Reputation capital can be loosely defined as the value derived by leaders from refusing to engage in certain business practices. Reputation capital increases value to the firm by increasing the perception of trustworthiness of leaders on behalf of stakeholders. For example, some Coos refuse to do business with tobacco, fire arm or alcohol businesses on the premise that they embraced a corporate culture that did not want to make money off other people’s misery. Other Coos (and stockholders) refuse to do business with companies that have records of civil and human rights violations. Trustworthiness and Ethical Stewardship Leaders earn the trust and fellowships of others by being trustworthy and accountable (Wood and Winston, 2005; Caldwell et al. , 2010, p. 500).
By virtue of honoring the commitments owed to integrate goals and values – both instrumental and normative – trustworthy leaders demonstrate a morally virtuous commitment that others are willing to follow (Burns, 1978; Caldwell et al. , 2010, p. 500). Corporate governance has traditionally involved the responsibilities of those who own an organization and those who serve as its appointed managerial leaders and agents (Carroll and Bucktooth, 2003; Caldwell et al. , 2010, p. 501). Thus, corporate governance imposes on business and their leaders an instrumental duty to maximize long-term wealth creation to benefit all of the stakeholders served by the firm (cuff. Hosier, 2007; Post et al. , 2002; Selenium, 1992; Caldwell et al. , 2010, p. 501).

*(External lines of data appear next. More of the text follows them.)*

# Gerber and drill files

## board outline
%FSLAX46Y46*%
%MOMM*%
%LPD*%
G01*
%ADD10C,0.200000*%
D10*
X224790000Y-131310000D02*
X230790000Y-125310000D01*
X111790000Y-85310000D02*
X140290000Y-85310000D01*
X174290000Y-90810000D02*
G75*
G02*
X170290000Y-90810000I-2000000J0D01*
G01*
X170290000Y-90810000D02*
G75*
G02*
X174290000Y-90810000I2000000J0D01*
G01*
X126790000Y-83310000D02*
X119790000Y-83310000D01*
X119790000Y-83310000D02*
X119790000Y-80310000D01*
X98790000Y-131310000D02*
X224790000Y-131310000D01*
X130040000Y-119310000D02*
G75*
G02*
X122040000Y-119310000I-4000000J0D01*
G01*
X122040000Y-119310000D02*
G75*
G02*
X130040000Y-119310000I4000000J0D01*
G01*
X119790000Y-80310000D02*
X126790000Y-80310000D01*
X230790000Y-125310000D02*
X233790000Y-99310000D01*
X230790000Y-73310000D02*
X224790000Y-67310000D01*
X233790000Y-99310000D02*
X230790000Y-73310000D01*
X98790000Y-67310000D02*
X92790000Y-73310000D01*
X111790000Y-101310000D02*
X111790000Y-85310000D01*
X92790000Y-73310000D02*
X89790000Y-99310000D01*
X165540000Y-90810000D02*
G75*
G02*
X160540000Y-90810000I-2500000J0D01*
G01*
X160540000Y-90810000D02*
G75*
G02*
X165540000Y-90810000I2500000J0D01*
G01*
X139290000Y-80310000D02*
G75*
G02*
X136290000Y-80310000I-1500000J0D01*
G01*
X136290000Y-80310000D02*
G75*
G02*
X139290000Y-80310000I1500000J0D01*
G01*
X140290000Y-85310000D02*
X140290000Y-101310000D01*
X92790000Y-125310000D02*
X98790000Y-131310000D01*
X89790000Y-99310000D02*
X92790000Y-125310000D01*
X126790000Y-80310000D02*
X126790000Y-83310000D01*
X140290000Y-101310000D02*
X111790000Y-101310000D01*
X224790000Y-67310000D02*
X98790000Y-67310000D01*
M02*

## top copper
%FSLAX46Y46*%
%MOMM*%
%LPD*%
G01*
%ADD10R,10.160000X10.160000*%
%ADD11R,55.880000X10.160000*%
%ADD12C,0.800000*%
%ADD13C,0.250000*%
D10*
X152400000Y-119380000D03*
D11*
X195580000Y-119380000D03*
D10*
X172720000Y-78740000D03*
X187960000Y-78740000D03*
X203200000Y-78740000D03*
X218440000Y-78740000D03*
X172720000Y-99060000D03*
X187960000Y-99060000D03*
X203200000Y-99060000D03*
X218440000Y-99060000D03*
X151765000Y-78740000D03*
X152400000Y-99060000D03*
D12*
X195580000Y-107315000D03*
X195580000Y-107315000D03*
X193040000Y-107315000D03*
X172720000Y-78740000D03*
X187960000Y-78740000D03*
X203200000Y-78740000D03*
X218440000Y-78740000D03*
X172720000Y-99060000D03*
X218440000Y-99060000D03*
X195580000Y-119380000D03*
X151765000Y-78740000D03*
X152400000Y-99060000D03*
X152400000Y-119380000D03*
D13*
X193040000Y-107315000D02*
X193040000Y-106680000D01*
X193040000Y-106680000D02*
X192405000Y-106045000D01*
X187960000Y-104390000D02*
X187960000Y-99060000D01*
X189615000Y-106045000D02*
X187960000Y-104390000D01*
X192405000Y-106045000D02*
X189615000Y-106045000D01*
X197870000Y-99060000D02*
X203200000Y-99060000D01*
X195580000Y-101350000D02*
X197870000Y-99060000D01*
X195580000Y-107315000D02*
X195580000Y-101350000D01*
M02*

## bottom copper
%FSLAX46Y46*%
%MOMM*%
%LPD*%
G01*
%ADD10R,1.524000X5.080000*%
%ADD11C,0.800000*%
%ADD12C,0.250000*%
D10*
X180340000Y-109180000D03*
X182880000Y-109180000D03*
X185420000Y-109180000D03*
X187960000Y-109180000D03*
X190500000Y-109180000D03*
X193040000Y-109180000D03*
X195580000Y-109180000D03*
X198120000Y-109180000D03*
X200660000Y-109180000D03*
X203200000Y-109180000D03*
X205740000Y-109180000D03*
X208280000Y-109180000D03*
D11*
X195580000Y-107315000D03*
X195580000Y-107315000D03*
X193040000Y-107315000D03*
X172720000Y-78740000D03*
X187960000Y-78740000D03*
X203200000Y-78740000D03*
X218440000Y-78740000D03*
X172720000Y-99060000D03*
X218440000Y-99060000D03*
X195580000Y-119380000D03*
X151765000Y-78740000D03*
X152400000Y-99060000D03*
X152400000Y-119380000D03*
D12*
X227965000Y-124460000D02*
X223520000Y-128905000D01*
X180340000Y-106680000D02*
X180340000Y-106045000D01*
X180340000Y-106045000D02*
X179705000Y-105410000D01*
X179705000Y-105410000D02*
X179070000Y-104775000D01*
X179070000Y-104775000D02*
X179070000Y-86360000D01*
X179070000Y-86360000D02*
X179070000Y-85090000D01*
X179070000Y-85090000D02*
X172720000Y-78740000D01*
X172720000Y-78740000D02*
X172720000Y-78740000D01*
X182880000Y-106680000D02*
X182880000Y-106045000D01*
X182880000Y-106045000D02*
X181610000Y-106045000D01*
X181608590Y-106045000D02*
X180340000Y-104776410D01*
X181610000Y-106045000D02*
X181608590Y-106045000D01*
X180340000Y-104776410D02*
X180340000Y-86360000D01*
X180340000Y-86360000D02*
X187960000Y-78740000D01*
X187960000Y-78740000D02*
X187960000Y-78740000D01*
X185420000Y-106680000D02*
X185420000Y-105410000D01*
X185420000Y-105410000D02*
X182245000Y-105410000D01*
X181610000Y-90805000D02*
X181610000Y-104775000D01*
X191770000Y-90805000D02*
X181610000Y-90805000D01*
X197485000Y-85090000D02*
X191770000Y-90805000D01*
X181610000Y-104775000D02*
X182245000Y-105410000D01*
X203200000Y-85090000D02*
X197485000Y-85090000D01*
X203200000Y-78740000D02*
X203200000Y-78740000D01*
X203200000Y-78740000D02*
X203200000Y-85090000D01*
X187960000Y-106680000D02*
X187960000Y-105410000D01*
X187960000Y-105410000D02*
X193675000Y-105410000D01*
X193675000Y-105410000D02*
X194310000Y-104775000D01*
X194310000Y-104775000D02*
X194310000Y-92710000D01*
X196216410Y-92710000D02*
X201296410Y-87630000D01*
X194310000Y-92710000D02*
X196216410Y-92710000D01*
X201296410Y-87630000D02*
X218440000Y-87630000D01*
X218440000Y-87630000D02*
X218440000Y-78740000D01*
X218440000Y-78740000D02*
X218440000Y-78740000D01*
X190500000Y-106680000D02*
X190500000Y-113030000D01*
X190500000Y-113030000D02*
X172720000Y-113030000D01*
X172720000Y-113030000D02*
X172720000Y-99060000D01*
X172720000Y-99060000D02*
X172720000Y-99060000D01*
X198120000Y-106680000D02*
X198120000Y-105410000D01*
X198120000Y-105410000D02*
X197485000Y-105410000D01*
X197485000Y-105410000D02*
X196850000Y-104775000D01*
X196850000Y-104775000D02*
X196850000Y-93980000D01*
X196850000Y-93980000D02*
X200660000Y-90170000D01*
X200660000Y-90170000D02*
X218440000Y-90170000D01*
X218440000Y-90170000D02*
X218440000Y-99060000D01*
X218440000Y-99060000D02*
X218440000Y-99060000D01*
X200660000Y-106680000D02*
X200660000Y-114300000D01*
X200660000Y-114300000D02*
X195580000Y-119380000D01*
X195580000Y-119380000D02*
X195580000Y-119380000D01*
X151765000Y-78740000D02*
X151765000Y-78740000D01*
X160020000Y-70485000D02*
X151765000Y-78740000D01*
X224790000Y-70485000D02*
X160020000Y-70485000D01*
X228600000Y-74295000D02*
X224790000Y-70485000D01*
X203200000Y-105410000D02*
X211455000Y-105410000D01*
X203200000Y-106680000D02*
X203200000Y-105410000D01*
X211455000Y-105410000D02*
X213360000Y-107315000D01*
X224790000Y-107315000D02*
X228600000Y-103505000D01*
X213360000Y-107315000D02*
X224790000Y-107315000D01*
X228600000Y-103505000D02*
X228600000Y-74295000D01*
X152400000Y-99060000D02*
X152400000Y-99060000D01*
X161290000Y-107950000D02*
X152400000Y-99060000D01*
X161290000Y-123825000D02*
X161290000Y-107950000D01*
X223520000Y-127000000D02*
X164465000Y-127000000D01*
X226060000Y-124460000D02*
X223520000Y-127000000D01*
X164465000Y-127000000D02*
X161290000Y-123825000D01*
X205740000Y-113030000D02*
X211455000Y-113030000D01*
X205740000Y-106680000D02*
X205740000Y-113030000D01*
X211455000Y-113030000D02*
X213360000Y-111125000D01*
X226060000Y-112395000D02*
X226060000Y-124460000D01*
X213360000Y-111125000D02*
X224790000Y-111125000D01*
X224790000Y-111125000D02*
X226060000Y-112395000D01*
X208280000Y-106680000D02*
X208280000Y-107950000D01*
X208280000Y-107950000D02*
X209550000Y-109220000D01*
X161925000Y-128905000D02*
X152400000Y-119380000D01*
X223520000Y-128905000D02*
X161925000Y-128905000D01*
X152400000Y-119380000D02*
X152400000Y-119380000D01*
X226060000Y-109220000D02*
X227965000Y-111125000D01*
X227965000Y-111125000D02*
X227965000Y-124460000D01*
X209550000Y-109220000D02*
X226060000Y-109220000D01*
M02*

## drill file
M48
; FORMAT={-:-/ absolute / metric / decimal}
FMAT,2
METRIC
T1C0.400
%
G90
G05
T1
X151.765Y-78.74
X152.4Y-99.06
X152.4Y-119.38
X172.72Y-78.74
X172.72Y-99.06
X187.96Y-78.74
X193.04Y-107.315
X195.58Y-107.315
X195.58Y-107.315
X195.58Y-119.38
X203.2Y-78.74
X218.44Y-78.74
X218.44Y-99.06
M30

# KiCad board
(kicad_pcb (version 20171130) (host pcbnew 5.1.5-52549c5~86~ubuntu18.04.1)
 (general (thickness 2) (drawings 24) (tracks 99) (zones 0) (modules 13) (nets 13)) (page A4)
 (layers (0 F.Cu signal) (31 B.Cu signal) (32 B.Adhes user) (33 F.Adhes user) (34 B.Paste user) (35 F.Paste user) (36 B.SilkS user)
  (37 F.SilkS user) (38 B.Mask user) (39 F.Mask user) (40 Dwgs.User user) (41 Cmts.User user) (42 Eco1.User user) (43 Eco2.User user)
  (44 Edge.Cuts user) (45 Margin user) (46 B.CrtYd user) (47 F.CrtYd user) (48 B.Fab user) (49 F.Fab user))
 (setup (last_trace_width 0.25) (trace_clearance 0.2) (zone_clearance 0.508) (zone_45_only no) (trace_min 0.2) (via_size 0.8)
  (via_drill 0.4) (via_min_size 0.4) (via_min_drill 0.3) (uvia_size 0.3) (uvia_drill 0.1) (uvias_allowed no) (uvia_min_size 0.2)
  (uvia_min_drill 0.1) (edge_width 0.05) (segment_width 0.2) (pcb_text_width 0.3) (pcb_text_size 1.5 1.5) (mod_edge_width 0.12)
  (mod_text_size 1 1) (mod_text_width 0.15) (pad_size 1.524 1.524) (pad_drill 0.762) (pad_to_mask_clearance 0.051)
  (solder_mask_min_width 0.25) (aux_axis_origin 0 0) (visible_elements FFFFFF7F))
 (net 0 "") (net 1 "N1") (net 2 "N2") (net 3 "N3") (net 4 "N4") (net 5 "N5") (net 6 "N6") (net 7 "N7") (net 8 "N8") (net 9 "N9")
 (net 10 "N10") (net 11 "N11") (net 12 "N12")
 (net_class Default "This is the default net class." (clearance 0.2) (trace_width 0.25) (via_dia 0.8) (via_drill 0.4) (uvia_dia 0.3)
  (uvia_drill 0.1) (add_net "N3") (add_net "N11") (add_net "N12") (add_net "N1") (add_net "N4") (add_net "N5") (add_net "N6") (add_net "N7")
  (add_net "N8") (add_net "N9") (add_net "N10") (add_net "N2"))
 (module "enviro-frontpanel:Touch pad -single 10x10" (layer F.Cu) (at 152.4 127)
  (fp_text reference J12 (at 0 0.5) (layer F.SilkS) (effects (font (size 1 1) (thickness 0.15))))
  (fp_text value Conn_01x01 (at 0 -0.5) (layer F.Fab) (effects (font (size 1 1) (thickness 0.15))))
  (pad 1 smd rect (at 0 -7.62) (size 10.16 10.16) (layers F.Cu F.Paste F.Mask) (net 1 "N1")))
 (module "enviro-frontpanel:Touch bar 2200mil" (layer F.Cu) (at 195.58 127)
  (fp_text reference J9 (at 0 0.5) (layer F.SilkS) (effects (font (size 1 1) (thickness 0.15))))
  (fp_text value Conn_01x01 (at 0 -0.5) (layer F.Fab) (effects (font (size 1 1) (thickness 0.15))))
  (pad 1 smd rect (at 0 -7.62) (size 55.88 10.16) (layers F.Cu F.Paste F.Mask) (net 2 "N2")))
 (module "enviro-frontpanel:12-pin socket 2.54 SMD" (layer B.Cu) (at 210.82 106.68 270)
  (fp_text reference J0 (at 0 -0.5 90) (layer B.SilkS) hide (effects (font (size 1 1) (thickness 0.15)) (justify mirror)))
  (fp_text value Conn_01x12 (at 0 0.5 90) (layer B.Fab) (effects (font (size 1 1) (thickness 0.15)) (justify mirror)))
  (pad 1 smd rect (at 0 30.48 270) (size 5.08 1.524) (drill (offset 2.5 0)) (layers B.Cu B.Paste B.Mask) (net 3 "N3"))
  (pad 2 smd rect (at 0 27.94 270) (size 5.08 1.524) (drill (offset 2.5 0)) (layers B.Cu B.Paste B.Mask) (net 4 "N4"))
  (pad 3 smd rect (at 0 25.4 270) (size 5.08 1.524) (drill (offset 2.5 0)) (layers B.Cu B.Paste B.Mask) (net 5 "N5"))
  (pad 4 smd rect (at 0 22.86 270) (size 5.08 1.524) (drill (offset 2.5 0)) (layers B.Cu B.Paste B.Mask) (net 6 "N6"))
  (pad 5 smd rect (at 0 20.32 270) (size 5.08 1.524) (drill (offset 2.5 0)) (layers B.Cu B.Paste B.Mask) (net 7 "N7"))
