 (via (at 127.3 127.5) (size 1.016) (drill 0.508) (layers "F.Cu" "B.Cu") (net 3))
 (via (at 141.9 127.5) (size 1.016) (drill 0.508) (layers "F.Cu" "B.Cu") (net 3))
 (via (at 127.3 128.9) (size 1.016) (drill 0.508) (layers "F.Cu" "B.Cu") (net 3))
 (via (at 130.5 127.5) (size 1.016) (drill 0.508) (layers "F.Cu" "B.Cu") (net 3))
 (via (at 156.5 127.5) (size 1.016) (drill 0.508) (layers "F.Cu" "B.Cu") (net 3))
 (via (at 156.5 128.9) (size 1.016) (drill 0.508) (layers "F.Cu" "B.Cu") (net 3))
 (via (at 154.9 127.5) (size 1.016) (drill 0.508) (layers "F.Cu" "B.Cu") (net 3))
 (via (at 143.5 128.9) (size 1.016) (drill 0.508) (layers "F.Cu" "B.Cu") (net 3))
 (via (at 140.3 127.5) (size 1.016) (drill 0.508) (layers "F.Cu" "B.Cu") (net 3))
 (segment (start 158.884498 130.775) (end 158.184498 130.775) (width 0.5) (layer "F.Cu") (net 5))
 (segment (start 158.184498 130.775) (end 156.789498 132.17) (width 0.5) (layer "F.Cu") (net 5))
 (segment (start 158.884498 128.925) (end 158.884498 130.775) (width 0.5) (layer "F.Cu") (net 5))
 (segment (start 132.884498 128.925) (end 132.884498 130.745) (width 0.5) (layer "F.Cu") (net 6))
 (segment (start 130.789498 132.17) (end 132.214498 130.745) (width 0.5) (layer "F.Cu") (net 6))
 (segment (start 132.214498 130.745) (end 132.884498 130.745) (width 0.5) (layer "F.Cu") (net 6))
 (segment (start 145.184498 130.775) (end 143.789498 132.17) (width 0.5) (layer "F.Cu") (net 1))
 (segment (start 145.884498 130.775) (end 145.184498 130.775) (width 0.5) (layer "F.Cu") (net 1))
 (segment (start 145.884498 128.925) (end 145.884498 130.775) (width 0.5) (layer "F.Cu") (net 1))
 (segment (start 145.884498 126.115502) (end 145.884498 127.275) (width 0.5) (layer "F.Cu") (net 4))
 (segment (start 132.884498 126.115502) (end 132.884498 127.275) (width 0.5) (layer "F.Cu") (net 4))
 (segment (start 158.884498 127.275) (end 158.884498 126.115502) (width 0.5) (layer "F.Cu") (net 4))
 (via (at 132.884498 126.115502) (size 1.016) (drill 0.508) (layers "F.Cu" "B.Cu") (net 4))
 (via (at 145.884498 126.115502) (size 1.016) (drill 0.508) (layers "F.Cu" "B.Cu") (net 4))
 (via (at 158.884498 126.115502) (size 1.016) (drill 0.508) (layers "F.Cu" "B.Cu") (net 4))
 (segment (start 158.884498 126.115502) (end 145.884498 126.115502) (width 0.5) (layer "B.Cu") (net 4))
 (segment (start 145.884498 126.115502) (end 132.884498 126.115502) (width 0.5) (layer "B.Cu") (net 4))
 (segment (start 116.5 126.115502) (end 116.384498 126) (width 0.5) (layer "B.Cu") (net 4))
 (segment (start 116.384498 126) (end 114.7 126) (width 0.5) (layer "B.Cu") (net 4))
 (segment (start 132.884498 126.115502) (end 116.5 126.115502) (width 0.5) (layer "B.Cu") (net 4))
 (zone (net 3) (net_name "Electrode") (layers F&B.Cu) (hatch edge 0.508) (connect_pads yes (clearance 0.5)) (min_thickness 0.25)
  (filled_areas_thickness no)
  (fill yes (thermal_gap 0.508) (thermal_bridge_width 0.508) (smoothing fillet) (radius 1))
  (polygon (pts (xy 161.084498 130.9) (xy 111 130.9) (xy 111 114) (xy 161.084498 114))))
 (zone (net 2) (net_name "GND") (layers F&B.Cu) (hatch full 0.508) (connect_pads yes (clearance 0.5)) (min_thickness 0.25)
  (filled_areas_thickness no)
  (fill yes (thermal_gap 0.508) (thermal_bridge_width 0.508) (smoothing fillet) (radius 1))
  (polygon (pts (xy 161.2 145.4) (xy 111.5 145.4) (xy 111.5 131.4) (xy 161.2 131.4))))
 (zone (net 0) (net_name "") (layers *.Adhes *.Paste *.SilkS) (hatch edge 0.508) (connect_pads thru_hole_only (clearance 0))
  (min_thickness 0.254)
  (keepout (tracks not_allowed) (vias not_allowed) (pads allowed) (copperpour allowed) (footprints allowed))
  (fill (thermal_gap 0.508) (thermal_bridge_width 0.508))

This long-term emphasis means that leaders will avoid self-defeating short-term decisions that inflate market value but that impair the firm’s fundamental mission – despite the allures and seductions of a Wall Street model that panders to short-term financial targets and stock prices (cuff. Paine, 2002; Prefer, 1998; Caldwell et al. , 2010, p. 501). At the normative level, ethical stewardship is also committed to the “welfare, growth, and wholeness” of stakeholders, rising to the level of honoring transformational obligations that create new opportunities and airframe traditional command-and-control notions of leadership (Caldwell et al. , 2002; Caldwell et al, 2010, p. 501). Linking Leadership, Trustworthiness and Ethical Stewardship
There is a positive correlation between ethical leadership behavior and stewardship and trustworthiness on the part of stakeholders. Ethical stewardship of an organization is essential if the organization is to perform at an optimal level, taking into consideration, not only the profit motive, but those values that will make the organization a good corporate citizen. Ethical stewardship has to be fully integrated into an organization’s culture, so that employees and other stakeholders know what is expected of them and what they can expect from the organization’s leaders (Sebastian, 2011, p. 3). Conclusion To achieve sustainability in today’s global marketplace, organizations must develop trust between its leaders and stakeholders.